Es wird weiter geltend gemacht, dass es im Kern um die Güterabwägung gehe zwischen dem Schutz vor
einem Eingriff in die körperliche Unversehrtheit Einzelner und den Interessen der Allgemeinheit (als
Gewährleistung der Rechte und Interessen aller Menschen). Zu Letzteren gehörten nicht nur der Schutz vor Ansteckung und der Gesundheitsschutz, sondern auch das Intakthalten der verschiedenen Gesellschaftsbereiche der Bildung, der Wirtschaft, der Gastronomie, der Kultur usw. Der Freiheit des Einzelnen, sich für oder gegen eine Impfung zu entscheiden, müsse das Wohl der gesamten Gesellschaft als unverzichtbare Basis der individuellen Freiheit aller gegenübergestellt werden.
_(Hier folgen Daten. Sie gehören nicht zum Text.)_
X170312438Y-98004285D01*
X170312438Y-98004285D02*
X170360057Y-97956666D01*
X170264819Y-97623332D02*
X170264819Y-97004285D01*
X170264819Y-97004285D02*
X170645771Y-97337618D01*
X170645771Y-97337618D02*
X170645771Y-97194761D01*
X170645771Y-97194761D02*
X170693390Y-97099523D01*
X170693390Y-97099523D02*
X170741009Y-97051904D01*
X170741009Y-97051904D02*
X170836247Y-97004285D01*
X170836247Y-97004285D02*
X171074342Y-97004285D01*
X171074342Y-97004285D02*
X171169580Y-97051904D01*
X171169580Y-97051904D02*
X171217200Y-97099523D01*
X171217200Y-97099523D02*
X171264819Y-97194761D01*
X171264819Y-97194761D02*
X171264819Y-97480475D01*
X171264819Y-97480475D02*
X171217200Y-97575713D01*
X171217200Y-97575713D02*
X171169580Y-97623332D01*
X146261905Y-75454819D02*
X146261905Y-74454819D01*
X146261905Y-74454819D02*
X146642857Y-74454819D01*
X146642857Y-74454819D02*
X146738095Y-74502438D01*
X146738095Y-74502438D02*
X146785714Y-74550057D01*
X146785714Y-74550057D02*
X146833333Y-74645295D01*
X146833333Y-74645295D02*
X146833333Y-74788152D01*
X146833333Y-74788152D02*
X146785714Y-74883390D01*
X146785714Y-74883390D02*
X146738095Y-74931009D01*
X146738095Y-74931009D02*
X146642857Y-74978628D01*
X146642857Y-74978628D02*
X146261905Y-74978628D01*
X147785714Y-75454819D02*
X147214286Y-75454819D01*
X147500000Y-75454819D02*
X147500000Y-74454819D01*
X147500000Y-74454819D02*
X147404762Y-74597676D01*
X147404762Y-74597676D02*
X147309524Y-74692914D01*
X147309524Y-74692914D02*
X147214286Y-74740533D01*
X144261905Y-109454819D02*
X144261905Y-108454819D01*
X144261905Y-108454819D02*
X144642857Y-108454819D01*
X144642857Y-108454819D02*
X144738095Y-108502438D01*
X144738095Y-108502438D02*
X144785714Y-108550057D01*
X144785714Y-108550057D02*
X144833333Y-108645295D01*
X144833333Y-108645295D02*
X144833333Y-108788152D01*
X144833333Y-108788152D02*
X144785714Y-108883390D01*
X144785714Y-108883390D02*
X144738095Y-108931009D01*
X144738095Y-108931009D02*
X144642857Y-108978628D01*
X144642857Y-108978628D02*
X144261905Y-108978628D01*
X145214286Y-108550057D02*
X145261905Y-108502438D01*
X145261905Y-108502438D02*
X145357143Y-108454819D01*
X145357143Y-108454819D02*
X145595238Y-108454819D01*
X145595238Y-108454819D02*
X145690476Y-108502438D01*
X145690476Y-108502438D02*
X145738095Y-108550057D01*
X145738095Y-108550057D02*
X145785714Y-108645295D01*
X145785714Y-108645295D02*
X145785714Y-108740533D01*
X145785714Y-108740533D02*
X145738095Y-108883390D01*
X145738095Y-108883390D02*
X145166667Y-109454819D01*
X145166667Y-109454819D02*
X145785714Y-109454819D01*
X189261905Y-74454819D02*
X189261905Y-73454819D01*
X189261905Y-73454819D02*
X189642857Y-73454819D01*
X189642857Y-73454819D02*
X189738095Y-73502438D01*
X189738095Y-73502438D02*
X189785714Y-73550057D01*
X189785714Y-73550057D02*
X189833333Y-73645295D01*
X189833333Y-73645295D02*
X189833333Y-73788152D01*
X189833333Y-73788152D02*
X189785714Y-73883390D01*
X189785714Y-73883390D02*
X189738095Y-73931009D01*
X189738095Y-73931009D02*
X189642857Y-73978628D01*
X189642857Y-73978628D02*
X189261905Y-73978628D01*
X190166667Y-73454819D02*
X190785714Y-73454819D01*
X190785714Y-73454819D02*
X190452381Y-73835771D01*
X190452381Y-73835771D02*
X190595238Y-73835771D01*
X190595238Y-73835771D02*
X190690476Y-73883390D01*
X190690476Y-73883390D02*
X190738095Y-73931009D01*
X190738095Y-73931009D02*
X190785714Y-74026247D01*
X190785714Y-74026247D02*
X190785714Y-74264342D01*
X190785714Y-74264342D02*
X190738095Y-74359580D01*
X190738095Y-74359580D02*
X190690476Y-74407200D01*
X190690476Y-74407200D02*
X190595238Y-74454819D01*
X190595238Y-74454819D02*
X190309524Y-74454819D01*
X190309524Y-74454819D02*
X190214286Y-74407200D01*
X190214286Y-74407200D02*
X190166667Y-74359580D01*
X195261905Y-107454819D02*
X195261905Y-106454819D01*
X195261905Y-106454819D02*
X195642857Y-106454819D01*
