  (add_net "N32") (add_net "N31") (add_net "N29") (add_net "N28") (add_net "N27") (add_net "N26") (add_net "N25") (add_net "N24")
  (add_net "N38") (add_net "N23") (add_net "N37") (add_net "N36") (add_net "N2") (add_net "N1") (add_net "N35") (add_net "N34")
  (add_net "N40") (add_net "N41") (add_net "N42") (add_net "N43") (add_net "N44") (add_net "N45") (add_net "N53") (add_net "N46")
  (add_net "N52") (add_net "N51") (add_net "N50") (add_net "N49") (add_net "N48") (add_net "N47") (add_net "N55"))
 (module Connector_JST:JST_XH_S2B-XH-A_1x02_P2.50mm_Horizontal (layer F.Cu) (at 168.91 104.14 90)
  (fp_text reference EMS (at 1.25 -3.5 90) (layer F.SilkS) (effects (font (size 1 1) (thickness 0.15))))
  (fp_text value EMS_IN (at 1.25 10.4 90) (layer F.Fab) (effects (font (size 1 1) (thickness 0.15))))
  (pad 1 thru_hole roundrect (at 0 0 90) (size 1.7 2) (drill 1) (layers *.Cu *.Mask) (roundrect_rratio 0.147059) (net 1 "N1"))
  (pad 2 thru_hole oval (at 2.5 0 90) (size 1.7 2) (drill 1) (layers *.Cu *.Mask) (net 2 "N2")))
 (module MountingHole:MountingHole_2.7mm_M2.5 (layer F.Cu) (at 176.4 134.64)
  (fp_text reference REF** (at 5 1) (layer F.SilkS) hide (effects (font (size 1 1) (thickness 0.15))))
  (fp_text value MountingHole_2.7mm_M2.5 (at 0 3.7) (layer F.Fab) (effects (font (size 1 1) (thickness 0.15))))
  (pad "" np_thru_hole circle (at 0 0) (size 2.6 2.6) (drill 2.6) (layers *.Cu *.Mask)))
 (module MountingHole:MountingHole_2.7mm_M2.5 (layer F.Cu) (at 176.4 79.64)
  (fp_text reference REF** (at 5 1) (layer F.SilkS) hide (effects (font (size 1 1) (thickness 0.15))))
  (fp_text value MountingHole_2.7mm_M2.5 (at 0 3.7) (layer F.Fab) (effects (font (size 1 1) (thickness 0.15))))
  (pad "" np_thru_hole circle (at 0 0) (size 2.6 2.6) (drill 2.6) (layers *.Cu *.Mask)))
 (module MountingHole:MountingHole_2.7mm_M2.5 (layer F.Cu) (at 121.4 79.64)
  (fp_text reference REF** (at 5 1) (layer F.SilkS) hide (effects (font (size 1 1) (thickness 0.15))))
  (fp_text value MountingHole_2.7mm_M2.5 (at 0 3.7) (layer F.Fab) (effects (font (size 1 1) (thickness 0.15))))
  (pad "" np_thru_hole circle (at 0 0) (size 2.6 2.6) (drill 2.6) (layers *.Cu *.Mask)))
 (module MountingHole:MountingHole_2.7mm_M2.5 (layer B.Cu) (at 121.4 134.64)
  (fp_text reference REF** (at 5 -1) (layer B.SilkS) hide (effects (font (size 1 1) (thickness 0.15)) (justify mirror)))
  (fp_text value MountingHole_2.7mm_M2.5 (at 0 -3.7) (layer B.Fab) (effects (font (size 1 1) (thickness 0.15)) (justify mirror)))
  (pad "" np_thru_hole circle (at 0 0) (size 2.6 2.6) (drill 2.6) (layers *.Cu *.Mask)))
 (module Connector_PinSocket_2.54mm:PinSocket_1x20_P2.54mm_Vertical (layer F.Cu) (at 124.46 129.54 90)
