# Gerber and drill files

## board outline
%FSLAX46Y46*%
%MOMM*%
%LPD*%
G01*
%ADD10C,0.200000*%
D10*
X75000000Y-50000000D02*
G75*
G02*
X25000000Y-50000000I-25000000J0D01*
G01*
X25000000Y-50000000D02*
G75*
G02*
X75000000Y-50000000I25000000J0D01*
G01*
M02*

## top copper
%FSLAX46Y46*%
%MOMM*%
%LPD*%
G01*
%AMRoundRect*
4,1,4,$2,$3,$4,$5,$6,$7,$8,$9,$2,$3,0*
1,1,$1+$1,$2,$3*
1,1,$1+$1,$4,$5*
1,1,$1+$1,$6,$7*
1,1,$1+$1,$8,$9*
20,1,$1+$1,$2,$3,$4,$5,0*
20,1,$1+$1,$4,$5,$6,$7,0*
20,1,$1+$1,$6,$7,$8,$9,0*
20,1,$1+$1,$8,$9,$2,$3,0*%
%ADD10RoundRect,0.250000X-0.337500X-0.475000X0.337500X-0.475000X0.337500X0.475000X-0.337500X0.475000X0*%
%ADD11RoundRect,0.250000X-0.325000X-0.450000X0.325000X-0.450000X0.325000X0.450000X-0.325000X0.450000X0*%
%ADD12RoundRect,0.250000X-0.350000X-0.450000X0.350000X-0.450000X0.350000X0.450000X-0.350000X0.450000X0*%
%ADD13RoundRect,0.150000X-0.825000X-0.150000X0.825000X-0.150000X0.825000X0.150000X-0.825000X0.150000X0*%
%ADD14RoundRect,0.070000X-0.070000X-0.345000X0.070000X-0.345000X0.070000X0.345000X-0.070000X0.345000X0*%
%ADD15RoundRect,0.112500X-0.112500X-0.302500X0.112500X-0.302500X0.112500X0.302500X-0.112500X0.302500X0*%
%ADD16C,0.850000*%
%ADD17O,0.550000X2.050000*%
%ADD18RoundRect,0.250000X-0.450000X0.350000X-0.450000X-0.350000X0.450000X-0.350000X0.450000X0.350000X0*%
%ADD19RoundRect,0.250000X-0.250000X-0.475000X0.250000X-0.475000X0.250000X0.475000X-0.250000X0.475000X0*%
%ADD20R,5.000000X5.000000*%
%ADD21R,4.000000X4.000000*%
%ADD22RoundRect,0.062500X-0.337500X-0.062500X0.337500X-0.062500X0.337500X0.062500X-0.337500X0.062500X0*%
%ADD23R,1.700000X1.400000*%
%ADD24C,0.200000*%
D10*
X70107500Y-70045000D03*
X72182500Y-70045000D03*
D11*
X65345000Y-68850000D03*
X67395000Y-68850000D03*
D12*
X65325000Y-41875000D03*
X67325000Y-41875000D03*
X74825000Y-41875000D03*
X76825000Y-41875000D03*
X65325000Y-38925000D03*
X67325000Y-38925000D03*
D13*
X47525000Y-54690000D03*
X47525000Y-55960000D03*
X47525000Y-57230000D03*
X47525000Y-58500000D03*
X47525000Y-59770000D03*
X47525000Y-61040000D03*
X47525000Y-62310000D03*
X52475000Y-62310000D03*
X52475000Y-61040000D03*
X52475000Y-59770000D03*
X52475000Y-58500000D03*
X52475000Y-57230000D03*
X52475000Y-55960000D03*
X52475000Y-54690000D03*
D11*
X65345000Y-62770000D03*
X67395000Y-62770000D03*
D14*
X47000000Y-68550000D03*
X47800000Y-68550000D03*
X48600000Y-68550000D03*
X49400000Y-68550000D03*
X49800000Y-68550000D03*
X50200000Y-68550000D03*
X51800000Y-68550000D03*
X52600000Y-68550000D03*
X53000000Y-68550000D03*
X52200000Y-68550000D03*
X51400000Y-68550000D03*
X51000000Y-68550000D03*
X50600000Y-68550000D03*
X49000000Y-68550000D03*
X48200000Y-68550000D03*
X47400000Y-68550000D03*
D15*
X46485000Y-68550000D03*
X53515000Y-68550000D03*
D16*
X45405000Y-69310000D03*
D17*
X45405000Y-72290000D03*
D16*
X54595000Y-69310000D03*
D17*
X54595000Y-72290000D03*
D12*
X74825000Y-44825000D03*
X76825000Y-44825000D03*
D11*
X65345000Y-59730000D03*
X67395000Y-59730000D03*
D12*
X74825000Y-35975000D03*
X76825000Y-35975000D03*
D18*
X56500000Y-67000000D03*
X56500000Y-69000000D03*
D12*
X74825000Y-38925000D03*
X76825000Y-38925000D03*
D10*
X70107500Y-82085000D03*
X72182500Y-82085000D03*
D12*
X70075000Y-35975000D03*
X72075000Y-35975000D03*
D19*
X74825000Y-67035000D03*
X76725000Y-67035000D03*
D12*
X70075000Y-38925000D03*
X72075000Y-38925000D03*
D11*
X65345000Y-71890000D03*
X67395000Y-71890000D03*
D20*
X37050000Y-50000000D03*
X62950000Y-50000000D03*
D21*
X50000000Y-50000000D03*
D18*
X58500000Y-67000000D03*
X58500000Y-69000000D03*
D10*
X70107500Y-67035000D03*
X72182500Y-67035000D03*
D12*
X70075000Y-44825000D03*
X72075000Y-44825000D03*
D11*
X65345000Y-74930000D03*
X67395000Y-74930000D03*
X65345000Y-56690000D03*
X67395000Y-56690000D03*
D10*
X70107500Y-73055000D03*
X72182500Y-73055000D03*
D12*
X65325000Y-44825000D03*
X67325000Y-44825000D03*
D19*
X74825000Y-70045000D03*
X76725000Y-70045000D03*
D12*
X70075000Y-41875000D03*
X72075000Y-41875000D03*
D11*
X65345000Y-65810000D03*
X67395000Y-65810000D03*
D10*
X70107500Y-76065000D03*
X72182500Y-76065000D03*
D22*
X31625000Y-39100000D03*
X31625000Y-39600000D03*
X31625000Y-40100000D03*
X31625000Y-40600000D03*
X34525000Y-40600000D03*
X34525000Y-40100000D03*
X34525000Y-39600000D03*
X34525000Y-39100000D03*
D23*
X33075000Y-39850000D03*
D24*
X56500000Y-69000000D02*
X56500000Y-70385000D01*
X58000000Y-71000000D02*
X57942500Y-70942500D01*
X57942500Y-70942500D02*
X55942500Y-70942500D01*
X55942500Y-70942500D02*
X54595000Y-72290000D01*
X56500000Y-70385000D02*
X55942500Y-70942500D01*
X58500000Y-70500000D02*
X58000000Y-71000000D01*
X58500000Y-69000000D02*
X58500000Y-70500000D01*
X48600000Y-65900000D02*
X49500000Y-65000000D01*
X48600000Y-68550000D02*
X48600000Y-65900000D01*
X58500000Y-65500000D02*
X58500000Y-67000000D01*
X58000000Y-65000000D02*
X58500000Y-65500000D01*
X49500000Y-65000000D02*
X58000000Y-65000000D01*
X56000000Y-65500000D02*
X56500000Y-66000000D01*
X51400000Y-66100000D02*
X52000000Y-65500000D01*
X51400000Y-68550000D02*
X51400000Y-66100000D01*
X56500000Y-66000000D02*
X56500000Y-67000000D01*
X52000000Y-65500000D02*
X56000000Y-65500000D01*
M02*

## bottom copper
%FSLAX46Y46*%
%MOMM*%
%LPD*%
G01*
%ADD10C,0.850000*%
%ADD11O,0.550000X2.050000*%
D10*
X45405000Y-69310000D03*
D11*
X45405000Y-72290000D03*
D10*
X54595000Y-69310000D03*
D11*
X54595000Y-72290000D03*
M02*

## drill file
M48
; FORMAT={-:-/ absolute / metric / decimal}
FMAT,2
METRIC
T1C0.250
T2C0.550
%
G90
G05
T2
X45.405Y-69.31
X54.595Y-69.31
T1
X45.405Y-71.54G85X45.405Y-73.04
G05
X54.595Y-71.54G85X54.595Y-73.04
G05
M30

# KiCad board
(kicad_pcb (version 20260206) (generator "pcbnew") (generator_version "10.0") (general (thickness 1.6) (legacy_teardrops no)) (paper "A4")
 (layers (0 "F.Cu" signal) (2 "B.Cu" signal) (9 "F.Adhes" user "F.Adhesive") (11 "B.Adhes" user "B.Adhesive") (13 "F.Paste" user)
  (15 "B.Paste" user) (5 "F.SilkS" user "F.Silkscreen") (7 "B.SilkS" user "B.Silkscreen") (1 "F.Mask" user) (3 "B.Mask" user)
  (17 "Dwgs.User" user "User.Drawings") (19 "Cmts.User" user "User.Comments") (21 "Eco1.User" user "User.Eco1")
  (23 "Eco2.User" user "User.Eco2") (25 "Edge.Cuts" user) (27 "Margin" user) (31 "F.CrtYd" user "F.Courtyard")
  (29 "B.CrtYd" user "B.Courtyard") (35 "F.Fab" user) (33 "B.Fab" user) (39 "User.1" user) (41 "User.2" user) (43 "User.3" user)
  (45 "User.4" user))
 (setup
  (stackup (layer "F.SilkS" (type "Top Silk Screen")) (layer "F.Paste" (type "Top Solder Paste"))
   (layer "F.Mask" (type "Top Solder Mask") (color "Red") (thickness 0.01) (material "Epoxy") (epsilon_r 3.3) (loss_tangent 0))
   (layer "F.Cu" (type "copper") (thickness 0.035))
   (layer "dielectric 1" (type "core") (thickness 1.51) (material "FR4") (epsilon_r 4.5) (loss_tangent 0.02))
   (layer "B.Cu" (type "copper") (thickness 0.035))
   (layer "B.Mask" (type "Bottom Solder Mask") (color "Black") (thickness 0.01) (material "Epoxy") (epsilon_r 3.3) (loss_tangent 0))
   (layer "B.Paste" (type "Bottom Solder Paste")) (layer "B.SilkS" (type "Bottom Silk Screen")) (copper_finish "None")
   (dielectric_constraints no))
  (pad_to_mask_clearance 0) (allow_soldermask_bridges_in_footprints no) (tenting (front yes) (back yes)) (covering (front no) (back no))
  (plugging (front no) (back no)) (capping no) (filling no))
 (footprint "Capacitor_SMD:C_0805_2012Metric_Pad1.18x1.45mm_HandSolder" (layer "F.Cu") (at 71.145 70.045)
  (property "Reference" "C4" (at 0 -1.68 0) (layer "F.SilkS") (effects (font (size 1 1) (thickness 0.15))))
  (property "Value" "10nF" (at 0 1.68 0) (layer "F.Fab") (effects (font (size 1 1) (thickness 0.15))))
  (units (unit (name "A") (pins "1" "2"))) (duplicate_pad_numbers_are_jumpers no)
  (pad "1" smd roundrect (at -1.0375 0) (size 1.175 1.45) (layers "F.Cu" "F.Mask" "F.Paste") (roundrect_rratio 0.212766) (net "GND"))
  (pad "2" smd roundrect (at 1.0375 0) (size 1.175 1.45) (layers "F.Cu" "F.Mask" "F.Paste") (roundrect_rratio 0.212766)
   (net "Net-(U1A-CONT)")))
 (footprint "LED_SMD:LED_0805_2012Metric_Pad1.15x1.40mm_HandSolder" (layer "F.Cu") (at 66.37 68.85)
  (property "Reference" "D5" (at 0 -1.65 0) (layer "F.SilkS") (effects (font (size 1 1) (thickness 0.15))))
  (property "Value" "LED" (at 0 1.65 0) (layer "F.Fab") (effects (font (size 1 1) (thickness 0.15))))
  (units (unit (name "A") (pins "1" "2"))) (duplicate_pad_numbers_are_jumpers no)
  (pad "1" smd roundrect (at -1.025 0) (size 1.15 1.4) (layers "F.Cu" "F.Mask" "F.Paste") (roundrect_rratio 0.217391) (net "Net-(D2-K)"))
  (pad "2" smd roundrect (at 1.025 0) (size 1.15 1.4) (layers "F.Cu" "F.Mask" "F.Paste") (roundrect_rratio 0.217391) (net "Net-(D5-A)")))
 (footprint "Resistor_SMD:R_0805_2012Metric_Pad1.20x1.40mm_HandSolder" (layer "F.Cu") (at 66.325 41.875)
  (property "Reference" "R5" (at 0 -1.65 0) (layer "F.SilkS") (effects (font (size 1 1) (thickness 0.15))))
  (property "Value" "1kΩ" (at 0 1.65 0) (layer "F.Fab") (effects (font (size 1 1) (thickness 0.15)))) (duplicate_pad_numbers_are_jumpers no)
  (pad "1" smd roundrect (at -1 0) (size 1.2 1.4) (layers "F.Cu" "F.Mask" "F.Paste") (roundrect_rratio 0.208333) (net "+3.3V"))
  (pad "2" smd roundrect (at 1 0) (size 1.2 1.4) (layers "F.Cu" "F.Mask" "F.Paste") (roundrect_rratio 0.208333) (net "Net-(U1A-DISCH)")))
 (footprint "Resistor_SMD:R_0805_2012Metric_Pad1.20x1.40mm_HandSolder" (layer "F.Cu") (at 75.825 41.875)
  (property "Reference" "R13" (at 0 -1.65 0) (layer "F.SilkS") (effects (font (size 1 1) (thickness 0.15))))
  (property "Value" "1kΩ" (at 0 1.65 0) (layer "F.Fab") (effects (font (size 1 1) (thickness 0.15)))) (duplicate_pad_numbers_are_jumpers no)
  (pad "1" smd roundrect (at -1 0) (size 1.2 1.4) (layers "F.Cu" "F.Mask" "F.Paste") (roundrect_rratio 0.208333) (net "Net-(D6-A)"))
  (pad "2" smd roundrect (at 1 0) (size 1.2 1.4) (layers "F.Cu" "F.Mask" "F.Paste") (roundrect_rratio 0.208333) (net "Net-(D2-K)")))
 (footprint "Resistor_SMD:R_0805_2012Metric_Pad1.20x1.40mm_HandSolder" (layer "F.Cu") (at 66.325 38.925)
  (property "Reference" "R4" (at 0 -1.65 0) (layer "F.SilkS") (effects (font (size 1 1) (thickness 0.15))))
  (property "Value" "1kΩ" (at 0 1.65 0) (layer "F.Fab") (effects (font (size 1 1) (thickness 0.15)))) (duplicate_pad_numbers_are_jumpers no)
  (pad "1" smd roundrect (at -1 0) (size 1.2 1.4) (layers "F.Cu" "F.Mask" "F.Paste") (roundrect_rratio 0.208333) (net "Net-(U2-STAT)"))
Lasse sich die Pandemie nicht unter Kontrolle bringen, müssten individuelle wie kollektive Freiheitsräume weiterhin eingeschränkt werden. Der Saldo zwischen der Rücksicht auf die individuelle Freiheit jener, die sich nicht impfen lassen möchten, und der Rücksicht auf die individuellen und kollektiven Freiheiten geimpfter Menschen werde zunehmend negativ. In dieser Perspektive führe eine allgemeine gesetzliche Impfpflicht zu einer insgesamt positiven Freiheitsbilanz, sowohl individuell als auch kollektiv.

Dreizehn von 20 Mitgliedern des Deutschen Ethikrates befürworten die Ausweitung der bisher schon gesetzlich verankerten Impfpflicht zu einer allgemeinen Impfpflicht, die alle in Deutschland lebenden impfbaren Erwachsenen über 18 Jahren umfasst.

Begründung:
Leitend für die Empfehlung einer allgemeinen gesetzlichen Impfpflicht ab 18 Jahren ist das Ziel einer
nachhaltigen, dauerhaft tragfähigen und gerechten Beherrschung der Pandemie
, das heißt das Erreichen einer kontrollierten endemischen Situation. Dazu reicht das schrittweise Vorgehen einer risikostratifizierten Impfpflicht nicht aus. Sie bleibt immer hinter den Wellen der Pandemie und erhöht die Gefahr einer ständigen Wiederkehr von Kontaktbeschränkungen aller Art, worunter insbesondere Kinder, Jugendliche und junge Erwachsene zu leiden haben. Eine allgemeine gesetzliche Impfpflicht liegt daher nicht nur im Interesse vulnerabler Gruppen, sondern auch im Interesse der jungen Generation.

Die effektive Geltung der Impfpflicht setzt auch voraus, dass im Hinblick auf andere Rechtsfolgen
der Nichtbeachtung der Impfpflicht, insbesondere im Arbeitsrecht, Klarheit besteht. Das verlangt insbesondere die grundrechtlich geschützte Berufsfreiheit, in deren Licht namentlich den Arbeitgeberinnen und Arbeitgebern sowie den Beschäftigten keine Rechtsunsicherheit zugemutet werden darf, die zugleich zu Einbußen bei der effektiven Geltung der Impfpflicht führen würde.